Segundo João Corrêa, a inovação do projeto em estudo de otimização, caracterização e padronização do leite de gergelim em pó está na viabilização dos projetos de secagem empregando três tecnologias a fim de selecionar o processo mais econômico para que a venda seja com preço acessível e que apresente maior rendimento.

Valor nutritivo

(Foto: arquivo do empreendedor)

O pesquisador explica que os principais componentes nutricionais das sementes de gergelim são: as proteínas, os carboidratos, as fibras alimentares, os lipídeos (ácidos graxos palmítico, oleico e linoleico), vitaminas (vitamina E, vitaminas do complexo B e niacina), substâncias bioativas (compostos fenólicos) e imunoestimulantes (a arginina, a metionina, a cistina e a leucina), os minerais (fósforo, cálcio, magnésio, potássio, zinco, selênio, sódio, ferro) tendo como reputação um “banco de nutrientes para todos os fins”. “Esses conteúdos nutricionais, destacando-se o elevado teor de cálcio e proteínas, propicia o desenvolvimento de produtos alimentícios funcionais como opção alternativa aos alimentos de origem animal à base de plantas, como por exemplo os leites vegetais”, explica ele, acrescentando que Goiás é um grande produtor da oleaginosa.

“Sempre tive vontade de desenvolver o leite de gergelim em pó e, diante disso, fui atrás de conteúdos relacionados a essa oleaginosa, como artigos científicos e patentes e o Programa Centelha, por meio da Fapeg, forneceu-me oportunidade de fomento para o desenvolvimento do alimento com caráter criativo e inovador”, relata o empreendedor. João Correa Borges Filho é consultor e possui experiência com cereais desde 2006, onde trabalha na produção e distribuição de farinhas e derivados. Tem experiência no desenvolvimento de maquinários voltados para processamento de cereais.

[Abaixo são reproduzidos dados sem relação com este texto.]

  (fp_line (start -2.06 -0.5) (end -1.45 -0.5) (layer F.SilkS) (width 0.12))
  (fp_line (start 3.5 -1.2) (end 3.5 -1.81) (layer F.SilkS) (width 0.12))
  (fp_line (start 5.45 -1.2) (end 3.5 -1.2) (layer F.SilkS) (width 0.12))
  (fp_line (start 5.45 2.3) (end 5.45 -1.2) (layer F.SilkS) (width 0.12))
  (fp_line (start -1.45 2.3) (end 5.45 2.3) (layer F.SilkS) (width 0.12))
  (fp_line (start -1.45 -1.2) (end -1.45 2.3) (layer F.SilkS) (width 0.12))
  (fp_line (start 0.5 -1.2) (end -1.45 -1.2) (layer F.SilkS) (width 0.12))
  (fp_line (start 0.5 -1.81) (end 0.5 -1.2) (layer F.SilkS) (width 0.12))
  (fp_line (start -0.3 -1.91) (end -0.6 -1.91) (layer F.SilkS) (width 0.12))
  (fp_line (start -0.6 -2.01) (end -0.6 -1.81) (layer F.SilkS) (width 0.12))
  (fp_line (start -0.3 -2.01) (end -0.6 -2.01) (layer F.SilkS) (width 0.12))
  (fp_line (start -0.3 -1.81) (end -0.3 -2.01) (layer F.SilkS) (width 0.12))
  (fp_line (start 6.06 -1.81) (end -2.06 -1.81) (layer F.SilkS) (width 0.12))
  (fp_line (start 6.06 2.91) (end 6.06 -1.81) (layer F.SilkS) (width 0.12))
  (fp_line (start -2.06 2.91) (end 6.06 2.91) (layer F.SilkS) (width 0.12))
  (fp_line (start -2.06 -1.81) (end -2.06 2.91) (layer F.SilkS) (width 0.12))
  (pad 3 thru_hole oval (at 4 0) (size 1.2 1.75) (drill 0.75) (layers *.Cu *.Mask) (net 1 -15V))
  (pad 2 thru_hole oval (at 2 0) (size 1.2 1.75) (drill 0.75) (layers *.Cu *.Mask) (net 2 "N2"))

Para desenvolver o projeto junto ao Centelha, o empreendedor contará com a parceria do Instituto SENAI de Tecnologia em Alimentos e Bebidas que disponibilizará uma equipe composta por mestres e doutores das áreas de farmácia e engenharia de alimentos.

João Corrêa contará, ainda, com a participação da bolsista Fernanda Maria da Silva Vieira, pelo Programa Centelha. Ela é graduada em Farmácia pela Universidade Federal de Goiás (UFG), onde desenvolveu três projetos de iniciação científica na área de Pesquisa, Desenvolvimento e Inovação (PD&I) de produtos. Também atuou como pesquisadora e consultora para indústrias de alimentos/bebidas e cosméticos, contribuindo para a Pesquisa e Desenvolvimento (P&D) de produtos e/ou processos. É mestre em ciências farmacêuticas pela UFG.

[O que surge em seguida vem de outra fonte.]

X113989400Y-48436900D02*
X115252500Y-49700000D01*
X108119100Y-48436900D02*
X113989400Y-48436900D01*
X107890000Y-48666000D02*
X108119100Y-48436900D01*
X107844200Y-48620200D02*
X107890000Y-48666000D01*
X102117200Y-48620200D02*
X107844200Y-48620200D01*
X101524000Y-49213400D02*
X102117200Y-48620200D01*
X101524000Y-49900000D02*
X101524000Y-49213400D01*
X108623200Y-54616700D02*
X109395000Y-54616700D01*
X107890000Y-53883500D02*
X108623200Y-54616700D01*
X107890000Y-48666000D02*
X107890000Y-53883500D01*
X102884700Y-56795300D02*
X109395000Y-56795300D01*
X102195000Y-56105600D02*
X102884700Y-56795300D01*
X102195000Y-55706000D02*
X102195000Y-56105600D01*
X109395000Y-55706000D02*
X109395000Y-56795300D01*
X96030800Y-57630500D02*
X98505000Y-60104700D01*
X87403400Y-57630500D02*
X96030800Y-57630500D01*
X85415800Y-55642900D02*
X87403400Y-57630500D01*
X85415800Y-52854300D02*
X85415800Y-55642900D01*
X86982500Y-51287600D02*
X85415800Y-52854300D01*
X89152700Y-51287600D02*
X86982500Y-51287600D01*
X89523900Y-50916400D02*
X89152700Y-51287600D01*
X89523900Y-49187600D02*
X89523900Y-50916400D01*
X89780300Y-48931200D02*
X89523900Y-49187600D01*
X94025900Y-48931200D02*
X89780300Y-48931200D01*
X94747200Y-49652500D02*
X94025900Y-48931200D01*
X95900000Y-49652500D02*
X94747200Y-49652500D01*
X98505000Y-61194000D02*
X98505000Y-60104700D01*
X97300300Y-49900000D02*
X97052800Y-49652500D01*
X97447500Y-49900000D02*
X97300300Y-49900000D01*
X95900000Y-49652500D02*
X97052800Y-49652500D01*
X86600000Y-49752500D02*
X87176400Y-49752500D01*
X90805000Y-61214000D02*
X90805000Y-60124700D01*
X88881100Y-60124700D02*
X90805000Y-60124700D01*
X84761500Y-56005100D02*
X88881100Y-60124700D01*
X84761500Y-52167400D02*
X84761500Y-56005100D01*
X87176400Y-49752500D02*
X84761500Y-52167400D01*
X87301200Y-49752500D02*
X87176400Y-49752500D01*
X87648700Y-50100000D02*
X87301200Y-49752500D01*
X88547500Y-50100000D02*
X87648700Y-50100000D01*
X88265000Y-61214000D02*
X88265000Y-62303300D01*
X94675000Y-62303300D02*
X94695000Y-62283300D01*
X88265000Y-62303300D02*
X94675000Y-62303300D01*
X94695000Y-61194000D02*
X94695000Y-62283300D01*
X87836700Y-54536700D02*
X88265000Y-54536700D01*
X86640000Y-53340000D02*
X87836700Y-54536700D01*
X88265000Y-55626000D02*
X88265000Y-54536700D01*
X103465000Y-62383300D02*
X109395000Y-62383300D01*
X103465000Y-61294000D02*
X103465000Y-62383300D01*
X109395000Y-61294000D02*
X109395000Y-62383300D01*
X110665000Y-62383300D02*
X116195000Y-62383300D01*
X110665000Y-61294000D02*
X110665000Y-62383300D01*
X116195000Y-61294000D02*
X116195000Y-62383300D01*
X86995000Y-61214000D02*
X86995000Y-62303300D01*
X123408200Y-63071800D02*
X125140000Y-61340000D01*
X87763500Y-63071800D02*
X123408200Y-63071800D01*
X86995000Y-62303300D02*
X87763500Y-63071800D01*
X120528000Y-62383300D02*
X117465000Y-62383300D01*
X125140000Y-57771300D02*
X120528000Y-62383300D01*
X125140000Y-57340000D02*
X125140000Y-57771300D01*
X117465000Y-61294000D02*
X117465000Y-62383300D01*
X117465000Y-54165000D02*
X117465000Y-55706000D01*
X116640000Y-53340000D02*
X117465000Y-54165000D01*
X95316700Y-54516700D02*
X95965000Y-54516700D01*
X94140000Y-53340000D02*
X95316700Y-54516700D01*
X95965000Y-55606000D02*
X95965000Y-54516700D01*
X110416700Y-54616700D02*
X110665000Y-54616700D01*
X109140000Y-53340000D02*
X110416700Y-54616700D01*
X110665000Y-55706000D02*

Também compõe sua equipe, Leticia Pereira Borges, graduada em Nutrição pela UFG. Pós-graduada na mesma área pela UFG. Possui experiência em pesquisa científica na qual foi bolsista do CNPq durante a faculdade. Atualmente atua no beneficiamento e produção de produtos naturais a partir de grãos e cereais. Tem experiência com beneficiamento do gergelim. Tem atuação na área administrativa de indústrias de alimentos.

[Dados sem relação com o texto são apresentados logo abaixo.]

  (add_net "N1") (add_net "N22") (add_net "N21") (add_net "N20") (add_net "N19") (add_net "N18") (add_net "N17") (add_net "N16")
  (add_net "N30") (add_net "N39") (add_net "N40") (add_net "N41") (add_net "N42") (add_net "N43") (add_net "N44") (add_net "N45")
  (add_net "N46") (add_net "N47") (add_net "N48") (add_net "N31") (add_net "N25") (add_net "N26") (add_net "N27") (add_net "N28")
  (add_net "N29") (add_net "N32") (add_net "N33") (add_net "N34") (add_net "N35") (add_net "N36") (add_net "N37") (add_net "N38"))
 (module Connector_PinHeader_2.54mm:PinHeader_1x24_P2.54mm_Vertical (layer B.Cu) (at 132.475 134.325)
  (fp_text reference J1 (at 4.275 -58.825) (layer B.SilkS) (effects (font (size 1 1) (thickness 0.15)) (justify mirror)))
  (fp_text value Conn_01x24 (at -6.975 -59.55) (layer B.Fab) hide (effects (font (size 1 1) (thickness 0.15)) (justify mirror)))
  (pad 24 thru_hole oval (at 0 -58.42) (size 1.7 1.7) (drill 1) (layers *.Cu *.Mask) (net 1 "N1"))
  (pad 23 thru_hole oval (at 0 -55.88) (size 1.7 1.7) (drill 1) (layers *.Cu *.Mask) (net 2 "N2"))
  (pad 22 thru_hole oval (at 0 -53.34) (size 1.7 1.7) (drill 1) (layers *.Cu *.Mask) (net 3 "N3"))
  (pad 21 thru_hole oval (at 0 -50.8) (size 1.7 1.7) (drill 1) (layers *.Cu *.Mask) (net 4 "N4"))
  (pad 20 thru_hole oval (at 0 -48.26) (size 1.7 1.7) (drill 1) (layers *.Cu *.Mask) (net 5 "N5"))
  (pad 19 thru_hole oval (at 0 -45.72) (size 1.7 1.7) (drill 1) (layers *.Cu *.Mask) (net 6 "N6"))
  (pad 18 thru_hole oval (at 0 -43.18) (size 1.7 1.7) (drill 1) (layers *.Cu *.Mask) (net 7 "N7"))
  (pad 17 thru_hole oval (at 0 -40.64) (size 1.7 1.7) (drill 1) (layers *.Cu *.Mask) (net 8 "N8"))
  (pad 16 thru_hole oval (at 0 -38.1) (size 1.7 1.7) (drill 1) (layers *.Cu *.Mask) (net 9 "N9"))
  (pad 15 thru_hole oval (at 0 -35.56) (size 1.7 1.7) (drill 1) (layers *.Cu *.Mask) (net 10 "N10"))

(Foto: arquivo do empreendedor)

Centelha 2

O Centelha, em Goiás, é executado pela Fapeg. Trata-se de um programa do Ministério da Ciência, Tecnologia e Inovação (MCTI) e da Financiadora de Estudos e Projetos (Finep), em parceria com o Conselho Nacional de Desenvolvimento Científico e Tecnológico (CNPq) e o Conselho Nacional das Fundações Estaduais de Amparo à Pesquisa (Confap), operado pela Fundação Certi.

O objetivo do programa é estimular a criação de empreendimentos inovadores a partir da geração de novas ideias, e disseminar o empreendedorismo inovador por meio de capacitações para o desenvolvimento de produtos (bens e/ou serviços) ou de processos inovadores e apoiar, por meio da concessão de recursos de subvenção econômica (recursos não reembolsáveis) e Bolsas de Fomento Tecnológico Extensão Inovadora, a geração de empresas de base tecnológicas a partir da transformação de ideias inovadoras em empreendimentos que incorporem novas tecnologias aos setores econômicos estratégicos do estado de Goiás.